Enlarge image
Production at the main Audi plant in Ingolstadt could also be affected
Photo:
© Michaela Rehle / Reuters / REUTERS
The car manufacturers Audi and Daimler are drawing further conclusions from the lack of important electronic components.
Audi is restricting production at the Neckarsulm plant in the coming week; the production lines for the A6 and A7 models are to be shut down from April 26th to 30th.
The Augsburger Allgemeine had previously reported.
"The employees affected by the loss of work will be on short-time work for this period," said the group.
Production at the main plant in Ingolstadt could also be affected, as the company announced.
The short-time work for the two German plants was therefore only applied for as a preventive measure.
Daimler has also announced that in the near future it may be sending more employees than previously known on short-time work because important electronic components are missing.
In the coming weeks there could be production stops and short-time work due to the chip crisis "here and there", said CFO Harald Wilhelm.

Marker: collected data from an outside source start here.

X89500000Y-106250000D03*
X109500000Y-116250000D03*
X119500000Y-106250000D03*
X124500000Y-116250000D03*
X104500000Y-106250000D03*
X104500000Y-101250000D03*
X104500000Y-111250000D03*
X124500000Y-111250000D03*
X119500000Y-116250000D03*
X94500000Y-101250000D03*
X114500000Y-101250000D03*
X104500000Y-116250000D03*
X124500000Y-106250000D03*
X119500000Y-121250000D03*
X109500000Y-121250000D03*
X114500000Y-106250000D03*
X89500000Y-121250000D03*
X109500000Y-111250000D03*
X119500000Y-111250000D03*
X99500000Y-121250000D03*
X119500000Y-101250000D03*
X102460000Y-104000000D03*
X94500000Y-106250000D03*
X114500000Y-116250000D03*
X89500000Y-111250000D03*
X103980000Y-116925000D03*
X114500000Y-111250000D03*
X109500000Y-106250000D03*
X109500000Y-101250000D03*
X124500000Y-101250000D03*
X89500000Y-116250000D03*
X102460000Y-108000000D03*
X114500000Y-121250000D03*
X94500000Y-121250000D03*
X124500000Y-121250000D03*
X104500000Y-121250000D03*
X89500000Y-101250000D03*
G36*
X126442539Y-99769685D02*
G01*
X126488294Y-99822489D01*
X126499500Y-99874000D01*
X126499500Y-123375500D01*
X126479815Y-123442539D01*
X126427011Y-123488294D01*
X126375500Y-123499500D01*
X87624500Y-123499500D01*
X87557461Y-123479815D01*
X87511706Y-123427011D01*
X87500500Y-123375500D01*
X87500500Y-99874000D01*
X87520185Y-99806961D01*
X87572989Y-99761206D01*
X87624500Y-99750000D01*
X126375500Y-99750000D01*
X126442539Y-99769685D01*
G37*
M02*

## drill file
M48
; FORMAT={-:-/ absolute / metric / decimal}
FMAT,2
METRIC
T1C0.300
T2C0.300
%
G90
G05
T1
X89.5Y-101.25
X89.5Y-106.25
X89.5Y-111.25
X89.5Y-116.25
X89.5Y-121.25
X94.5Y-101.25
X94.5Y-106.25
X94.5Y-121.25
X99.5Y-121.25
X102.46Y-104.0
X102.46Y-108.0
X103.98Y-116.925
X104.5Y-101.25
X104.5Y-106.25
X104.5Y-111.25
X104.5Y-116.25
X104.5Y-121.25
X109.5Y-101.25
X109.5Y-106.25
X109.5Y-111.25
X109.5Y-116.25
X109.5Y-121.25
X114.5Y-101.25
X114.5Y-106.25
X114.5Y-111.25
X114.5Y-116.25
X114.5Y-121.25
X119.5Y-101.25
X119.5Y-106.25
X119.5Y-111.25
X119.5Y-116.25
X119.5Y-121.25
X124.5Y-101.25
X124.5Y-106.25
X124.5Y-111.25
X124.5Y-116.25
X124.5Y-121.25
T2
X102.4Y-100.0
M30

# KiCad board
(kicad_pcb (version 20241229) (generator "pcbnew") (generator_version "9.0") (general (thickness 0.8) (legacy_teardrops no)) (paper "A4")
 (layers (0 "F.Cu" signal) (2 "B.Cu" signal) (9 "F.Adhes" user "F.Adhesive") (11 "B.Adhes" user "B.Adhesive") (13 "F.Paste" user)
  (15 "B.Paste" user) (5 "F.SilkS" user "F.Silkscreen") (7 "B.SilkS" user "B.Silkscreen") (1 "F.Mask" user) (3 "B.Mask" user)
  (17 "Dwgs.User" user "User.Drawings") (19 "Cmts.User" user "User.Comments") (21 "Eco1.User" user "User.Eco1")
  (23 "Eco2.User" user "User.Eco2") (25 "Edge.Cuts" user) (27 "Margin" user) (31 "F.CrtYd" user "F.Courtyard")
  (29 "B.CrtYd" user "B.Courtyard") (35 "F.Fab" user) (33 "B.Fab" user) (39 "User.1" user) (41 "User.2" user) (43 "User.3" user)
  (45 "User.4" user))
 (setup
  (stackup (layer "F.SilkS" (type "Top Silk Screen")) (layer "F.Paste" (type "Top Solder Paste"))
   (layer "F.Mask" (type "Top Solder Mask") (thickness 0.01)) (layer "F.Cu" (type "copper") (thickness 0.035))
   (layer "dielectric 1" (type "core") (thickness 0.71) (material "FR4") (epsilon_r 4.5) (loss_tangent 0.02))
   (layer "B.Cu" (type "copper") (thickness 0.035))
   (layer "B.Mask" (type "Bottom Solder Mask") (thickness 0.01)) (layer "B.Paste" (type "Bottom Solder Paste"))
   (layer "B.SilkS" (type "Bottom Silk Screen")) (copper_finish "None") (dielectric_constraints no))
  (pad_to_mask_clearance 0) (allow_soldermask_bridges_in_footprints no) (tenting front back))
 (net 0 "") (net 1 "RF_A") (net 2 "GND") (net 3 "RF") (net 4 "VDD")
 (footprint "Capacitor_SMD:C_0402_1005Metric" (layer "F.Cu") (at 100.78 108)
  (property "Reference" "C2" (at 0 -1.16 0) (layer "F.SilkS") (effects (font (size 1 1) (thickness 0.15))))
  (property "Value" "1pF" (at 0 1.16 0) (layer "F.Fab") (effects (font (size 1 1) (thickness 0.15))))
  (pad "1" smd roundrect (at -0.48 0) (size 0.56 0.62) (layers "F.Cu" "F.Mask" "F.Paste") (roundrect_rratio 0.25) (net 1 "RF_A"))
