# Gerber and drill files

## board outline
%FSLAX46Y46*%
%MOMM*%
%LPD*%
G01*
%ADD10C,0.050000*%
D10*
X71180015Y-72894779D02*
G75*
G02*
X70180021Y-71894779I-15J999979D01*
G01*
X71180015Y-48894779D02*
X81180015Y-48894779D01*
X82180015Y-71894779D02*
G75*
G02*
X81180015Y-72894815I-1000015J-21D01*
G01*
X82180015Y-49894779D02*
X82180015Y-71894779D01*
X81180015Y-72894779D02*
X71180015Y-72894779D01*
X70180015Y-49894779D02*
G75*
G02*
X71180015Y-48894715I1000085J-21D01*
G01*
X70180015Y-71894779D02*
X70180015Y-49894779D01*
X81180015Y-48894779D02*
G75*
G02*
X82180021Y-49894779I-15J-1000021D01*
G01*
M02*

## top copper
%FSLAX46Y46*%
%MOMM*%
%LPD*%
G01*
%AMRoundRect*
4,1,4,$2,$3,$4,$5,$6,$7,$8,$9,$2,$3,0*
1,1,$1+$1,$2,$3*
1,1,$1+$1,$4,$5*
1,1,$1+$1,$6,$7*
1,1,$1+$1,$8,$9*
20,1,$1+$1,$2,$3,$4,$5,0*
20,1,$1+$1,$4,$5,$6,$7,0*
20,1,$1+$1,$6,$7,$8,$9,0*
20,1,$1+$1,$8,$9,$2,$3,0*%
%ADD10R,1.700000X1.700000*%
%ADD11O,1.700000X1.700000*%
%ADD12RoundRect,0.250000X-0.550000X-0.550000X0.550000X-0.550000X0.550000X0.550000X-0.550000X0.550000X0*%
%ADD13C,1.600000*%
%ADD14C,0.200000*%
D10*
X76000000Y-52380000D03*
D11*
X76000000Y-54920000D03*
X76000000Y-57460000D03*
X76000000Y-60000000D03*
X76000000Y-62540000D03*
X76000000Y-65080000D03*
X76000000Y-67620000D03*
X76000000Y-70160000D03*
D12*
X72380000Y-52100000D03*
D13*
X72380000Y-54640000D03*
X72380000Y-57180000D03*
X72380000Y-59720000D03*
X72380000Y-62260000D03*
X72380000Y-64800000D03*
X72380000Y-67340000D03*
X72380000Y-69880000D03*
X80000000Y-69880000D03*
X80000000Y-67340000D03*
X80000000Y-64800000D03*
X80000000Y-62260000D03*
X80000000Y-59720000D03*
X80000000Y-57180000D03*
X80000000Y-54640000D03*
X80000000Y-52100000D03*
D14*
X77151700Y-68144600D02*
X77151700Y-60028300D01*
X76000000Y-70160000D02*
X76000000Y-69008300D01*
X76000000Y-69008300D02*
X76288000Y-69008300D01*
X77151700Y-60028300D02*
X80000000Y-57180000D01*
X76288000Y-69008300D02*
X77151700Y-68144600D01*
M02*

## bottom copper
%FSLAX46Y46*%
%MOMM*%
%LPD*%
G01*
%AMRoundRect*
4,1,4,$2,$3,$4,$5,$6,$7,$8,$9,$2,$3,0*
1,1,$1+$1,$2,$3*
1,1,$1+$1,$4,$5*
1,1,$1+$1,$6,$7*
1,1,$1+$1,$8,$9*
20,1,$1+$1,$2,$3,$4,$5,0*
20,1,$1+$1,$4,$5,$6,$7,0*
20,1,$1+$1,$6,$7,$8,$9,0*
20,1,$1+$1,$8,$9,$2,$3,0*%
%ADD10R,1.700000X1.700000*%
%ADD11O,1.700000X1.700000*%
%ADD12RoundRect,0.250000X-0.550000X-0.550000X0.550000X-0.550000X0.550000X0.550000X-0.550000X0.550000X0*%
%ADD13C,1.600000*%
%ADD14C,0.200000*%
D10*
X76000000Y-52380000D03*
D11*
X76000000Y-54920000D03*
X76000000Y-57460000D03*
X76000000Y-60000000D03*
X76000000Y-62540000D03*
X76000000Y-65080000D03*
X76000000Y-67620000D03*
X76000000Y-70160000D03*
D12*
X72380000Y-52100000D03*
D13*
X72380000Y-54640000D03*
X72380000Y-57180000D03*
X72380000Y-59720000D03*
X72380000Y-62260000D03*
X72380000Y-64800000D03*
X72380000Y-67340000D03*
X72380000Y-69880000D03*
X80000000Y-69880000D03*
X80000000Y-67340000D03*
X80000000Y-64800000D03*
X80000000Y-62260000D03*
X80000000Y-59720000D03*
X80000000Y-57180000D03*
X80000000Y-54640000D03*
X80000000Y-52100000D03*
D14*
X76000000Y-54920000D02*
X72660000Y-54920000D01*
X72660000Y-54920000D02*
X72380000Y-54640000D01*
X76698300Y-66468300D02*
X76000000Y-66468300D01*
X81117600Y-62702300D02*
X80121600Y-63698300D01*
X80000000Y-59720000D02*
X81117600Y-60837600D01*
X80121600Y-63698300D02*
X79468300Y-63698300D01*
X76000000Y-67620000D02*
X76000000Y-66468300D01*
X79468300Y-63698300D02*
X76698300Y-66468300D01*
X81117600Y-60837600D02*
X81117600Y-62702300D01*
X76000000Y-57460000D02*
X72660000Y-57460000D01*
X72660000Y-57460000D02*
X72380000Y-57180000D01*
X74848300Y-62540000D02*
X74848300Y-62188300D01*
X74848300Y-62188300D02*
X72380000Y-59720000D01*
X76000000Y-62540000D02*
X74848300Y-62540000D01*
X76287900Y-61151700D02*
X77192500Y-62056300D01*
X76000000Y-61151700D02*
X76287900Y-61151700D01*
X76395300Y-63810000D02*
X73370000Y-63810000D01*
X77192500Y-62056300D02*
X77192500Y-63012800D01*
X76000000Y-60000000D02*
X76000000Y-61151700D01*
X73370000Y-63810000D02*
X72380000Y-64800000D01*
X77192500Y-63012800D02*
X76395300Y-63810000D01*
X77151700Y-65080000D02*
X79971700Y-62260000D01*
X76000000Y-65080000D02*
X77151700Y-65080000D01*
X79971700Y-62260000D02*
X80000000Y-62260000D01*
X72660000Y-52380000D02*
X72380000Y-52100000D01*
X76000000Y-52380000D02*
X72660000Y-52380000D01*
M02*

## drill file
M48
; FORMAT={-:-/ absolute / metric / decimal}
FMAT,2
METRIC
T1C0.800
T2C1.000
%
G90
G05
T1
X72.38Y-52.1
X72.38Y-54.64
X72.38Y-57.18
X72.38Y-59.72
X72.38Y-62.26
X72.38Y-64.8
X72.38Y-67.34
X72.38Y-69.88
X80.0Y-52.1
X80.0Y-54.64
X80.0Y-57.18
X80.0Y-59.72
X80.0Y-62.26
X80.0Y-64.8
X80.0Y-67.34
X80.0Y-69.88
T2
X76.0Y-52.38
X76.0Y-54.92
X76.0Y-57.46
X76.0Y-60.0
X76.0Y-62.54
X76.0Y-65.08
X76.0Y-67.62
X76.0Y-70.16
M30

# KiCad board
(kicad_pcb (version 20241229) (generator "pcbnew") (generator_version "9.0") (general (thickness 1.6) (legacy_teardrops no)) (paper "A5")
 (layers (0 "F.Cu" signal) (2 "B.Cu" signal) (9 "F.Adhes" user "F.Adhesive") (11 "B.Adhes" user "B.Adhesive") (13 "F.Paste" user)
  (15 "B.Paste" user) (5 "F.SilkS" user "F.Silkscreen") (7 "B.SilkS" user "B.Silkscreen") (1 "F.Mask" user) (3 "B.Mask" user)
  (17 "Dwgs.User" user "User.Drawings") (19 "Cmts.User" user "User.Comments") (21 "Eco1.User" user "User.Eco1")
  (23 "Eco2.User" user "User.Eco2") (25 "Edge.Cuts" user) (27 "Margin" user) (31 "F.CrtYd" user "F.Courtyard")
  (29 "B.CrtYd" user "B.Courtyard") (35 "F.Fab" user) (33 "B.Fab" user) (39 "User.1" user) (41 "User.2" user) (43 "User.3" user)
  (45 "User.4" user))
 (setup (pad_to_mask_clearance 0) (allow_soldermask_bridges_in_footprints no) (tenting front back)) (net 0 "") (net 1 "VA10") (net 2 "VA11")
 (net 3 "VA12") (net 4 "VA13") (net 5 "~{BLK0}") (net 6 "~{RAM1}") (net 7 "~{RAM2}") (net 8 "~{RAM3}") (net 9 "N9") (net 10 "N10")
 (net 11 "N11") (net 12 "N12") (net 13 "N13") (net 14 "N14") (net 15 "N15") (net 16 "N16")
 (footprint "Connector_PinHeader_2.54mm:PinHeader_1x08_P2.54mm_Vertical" (layer "F.Cu") (at 76 52.38)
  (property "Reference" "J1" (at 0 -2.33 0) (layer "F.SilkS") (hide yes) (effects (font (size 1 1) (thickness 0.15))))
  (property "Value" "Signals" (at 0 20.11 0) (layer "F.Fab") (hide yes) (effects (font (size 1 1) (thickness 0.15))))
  (pad "1" thru_hole rect (at 0 0) (size 1.7 1.7) (drill 1) (layers "*.Cu" "*.Mask") (remove_unused_layers no) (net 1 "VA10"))
  (pad "2" thru_hole oval (at 0 2.54) (size 1.7 1.7) (drill 1) (layers "*.Cu" "*.Mask") (remove_unused_layers no) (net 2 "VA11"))
  (pad "3" thru_hole oval (at 0 5.08) (size 1.7 1.7) (drill 1) (layers "*.Cu" "*.Mask") (remove_unused_layers no) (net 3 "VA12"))
  (pad "4" thru_hole oval (at 0 7.62) (size 1.7 1.7) (drill 1) (layers "*.Cu" "*.Mask") (remove_unused_layers no) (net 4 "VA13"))
  (pad "5" thru_hole oval (at 0 10.16) (size 1.7 1.7) (drill 1) (layers "*.Cu" "*.Mask") (remove_unused_layers no) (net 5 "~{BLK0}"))
  (pad "6" thru_hole oval (at 0 12.7) (size 1.7 1.7) (drill 1) (layers "*.Cu" "*.Mask") (remove_unused_layers no) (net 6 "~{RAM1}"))
  (pad "7" thru_hole oval (at 0 15.24) (size 1.7 1.7) (drill 1) (layers "*.Cu" "*.Mask") (remove_unused_layers no) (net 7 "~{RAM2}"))
  (pad "8" thru_hole oval (at 0 17.78) (size 1.7 1.7) (drill 1) (layers "*.Cu" "*.Mask") (remove_unused_layers no) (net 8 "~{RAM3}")))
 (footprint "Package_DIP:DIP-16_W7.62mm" (layer "F.Cu") (at 72.38 52.1)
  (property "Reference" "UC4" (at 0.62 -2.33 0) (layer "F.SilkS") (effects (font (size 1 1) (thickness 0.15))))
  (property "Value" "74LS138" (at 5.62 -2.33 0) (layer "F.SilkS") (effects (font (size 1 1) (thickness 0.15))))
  (pad "1" thru_hole roundrect (at 0 0) (size 1.6 1.6) (drill 0.8) (layers "*.Cu" "*.Mask") (remove_unused_layers no)
   (roundrect_rratio 0.15625) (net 1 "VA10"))
  (pad "2" thru_hole circle (at 0 2.54) (size 1.6 1.6) (drill 0.8) (layers "*.Cu" "*.Mask") (remove_unused_layers no) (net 2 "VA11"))
  (pad "3" thru_hole circle (at 0 5.08) (size 1.6 1.6) (drill 0.8) (layers "*.Cu" "*.Mask") (remove_unused_layers no) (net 3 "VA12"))
  (pad "4" thru_hole circle (at 0 7.62) (size 1.6 1.6) (drill 0.8) (layers "*.Cu" "*.Mask") (remove_unused_layers no) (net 5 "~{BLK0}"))
  (pad "5" thru_hole circle (at 0 10.16) (size 1.6 1.6) (drill 0.8) (layers "*.Cu" "*.Mask") (remove_unused_layers no) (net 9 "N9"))
  (pad "6" thru_hole circle (at 0 12.7) (size 1.6 1.6) (drill 0.8) (layers "*.Cu" "*.Mask") (remove_unused_layers no) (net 4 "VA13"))
  (pad "7" thru_hole circle (at 0 15.24) (size 1.6 1.6) (drill 0.8) (layers "*.Cu" "*.Mask") (remove_unused_layers no) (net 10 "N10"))
  (pad "8" thru_hole circle (at 0 17.78) (size 1.6 1.6) (drill 0.8) (layers "*.Cu" "*.Mask") (remove_unused_layers no) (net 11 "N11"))
  (pad "9" thru_hole circle (at 7.62 17.78) (size 1.6 1.6) (drill 0.8) (layers "*.Cu" "*.Mask") (remove_unused_layers no) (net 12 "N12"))
  (pad "10" thru_hole circle (at 7.62 15.24) (size 1.6 1.6) (drill 0.8) (layers "*.Cu" "*.Mask") (remove_unused_layers no) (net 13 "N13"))
  (pad "11" thru_hole circle (at 7.62 12.7) (size 1.6 1.6) (drill 0.8) (layers "*.Cu" "*.Mask") (remove_unused_layers no) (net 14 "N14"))
  (pad "12" thru_hole circle (at 7.62 10.16) (size 1.6 1.6) (drill 0.8) (layers "*.Cu" "*.Mask") (remove_unused_layers no) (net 6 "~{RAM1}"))
  (pad "13" thru_hole circle (at 7.62 7.62) (size 1.6 1.6) (drill 0.8) (layers "*.Cu" "*.Mask") (remove_unused_layers no) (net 7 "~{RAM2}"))
  (pad "14" thru_hole circle (at 7.62 5.08) (size 1.6 1.6) (drill 0.8) (layers "*.Cu" "*.Mask") (remove_unused_layers no) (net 8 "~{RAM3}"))
  (pad "15" thru_hole circle (at 7.62 2.54) (size 1.6 1.6) (drill 0.8) (layers "*.Cu" "*.Mask") (remove_unused_layers no) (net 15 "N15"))
  (pad "16" thru_hole circle (at 7.62 0) (size 1.6 1.6) (drill 0.8) (layers "*.Cu" "*.Mask") (remove_unused_layers no) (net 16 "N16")))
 (gr_arc (start 71.180015 72.894779) (mid 70.472906 72.60189) (end 70.180015 71.894779) (stroke (width 0.05) (type default))
  (layer "Edge.Cuts"))
 (gr_line (start 71.180015 48.894779) (end 81.180015 48.894779) (stroke (width 0.05) (type default)) (layer "Edge.Cuts"))
 (gr_arc (start 82.180015 71.894779) (mid 81.887122 72.601886) (end 81.180015 72.894779) (stroke (width 0.05) (type default))
  (layer "Edge.Cuts"))
 (gr_line (start 82.180015 49.894779) (end 82.180015 71.894779) (stroke (width 0.05) (type default)) (layer "Edge.Cuts"))
 (gr_line (start 81.180015 72.894779) (end 71.180015 72.894779) (stroke (width 0.05) (type default)) (layer "Edge.Cuts"))
 (gr_arc (start 70.180015 49.894779) (mid 70.472917 49.187691) (end 71.180015 48.894779) (stroke (width 0.05) (type default))
  (layer "Edge.Cuts"))
 (gr_line (start 70.180015 71.894779) (end 70.180015 49.894779) (stroke (width 0.05) (type default)) (layer "Edge.Cuts"))
 (gr_arc (start 81.180015 48.894779) (mid 81.887122 49.187672) (end 82.180015 49.894779) (stroke (width 0.05) (type default))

He left it open which locations beyond the previously known ones could be affected.
Wilhelm gave no details about periods of time either.
Daimler had previously announced that it would initially send thousands of employees to the Mercedes plants in Rastatt and Bremen on short-time work until the end of next week.
No longer compensating for loss of production
The chip crisis also weighs on the sales figures, which could probably be below those of the first quarter, says Wilhelm.
Unlike in the past, Daimler no longer expects to completely compensate for the loss of production in the course of the year.
Mercedes will continue to ensure that particularly profitable models such as the S-Class luxury sedan do not suffer from the shortage.
"So far we have managed to keep the subject away from the S-Class, we want to keep it that way," said Wilhelm.
Enlarge image
Microelectronic components are manufactured with so-called wafers
Photo: Patrick_Pleul / picture-alliance / dpa / dpaweb
The global problems with the replenishment of electronic chips have been causing car companies, in some cases enormous problems, for weeks.
The chip company Intel sees no end to the global semiconductor bottlenecks, as the company announced.
The "unprecedented demand" strain the supply chains in the industry, said the new Intel boss Pat Gelsinger.
There is a lack of production capacities, material for circuit boards and components.
Daimler CFO Wilhelm sees the reasons for the bottleneck in unforeseeable failures.
Problems arose from a fire in a chip factory in Japan and from a power outage in a winter storm in Texas.
It can be assumed that these capacities will be available again in the second half of the year and that the situation will ease.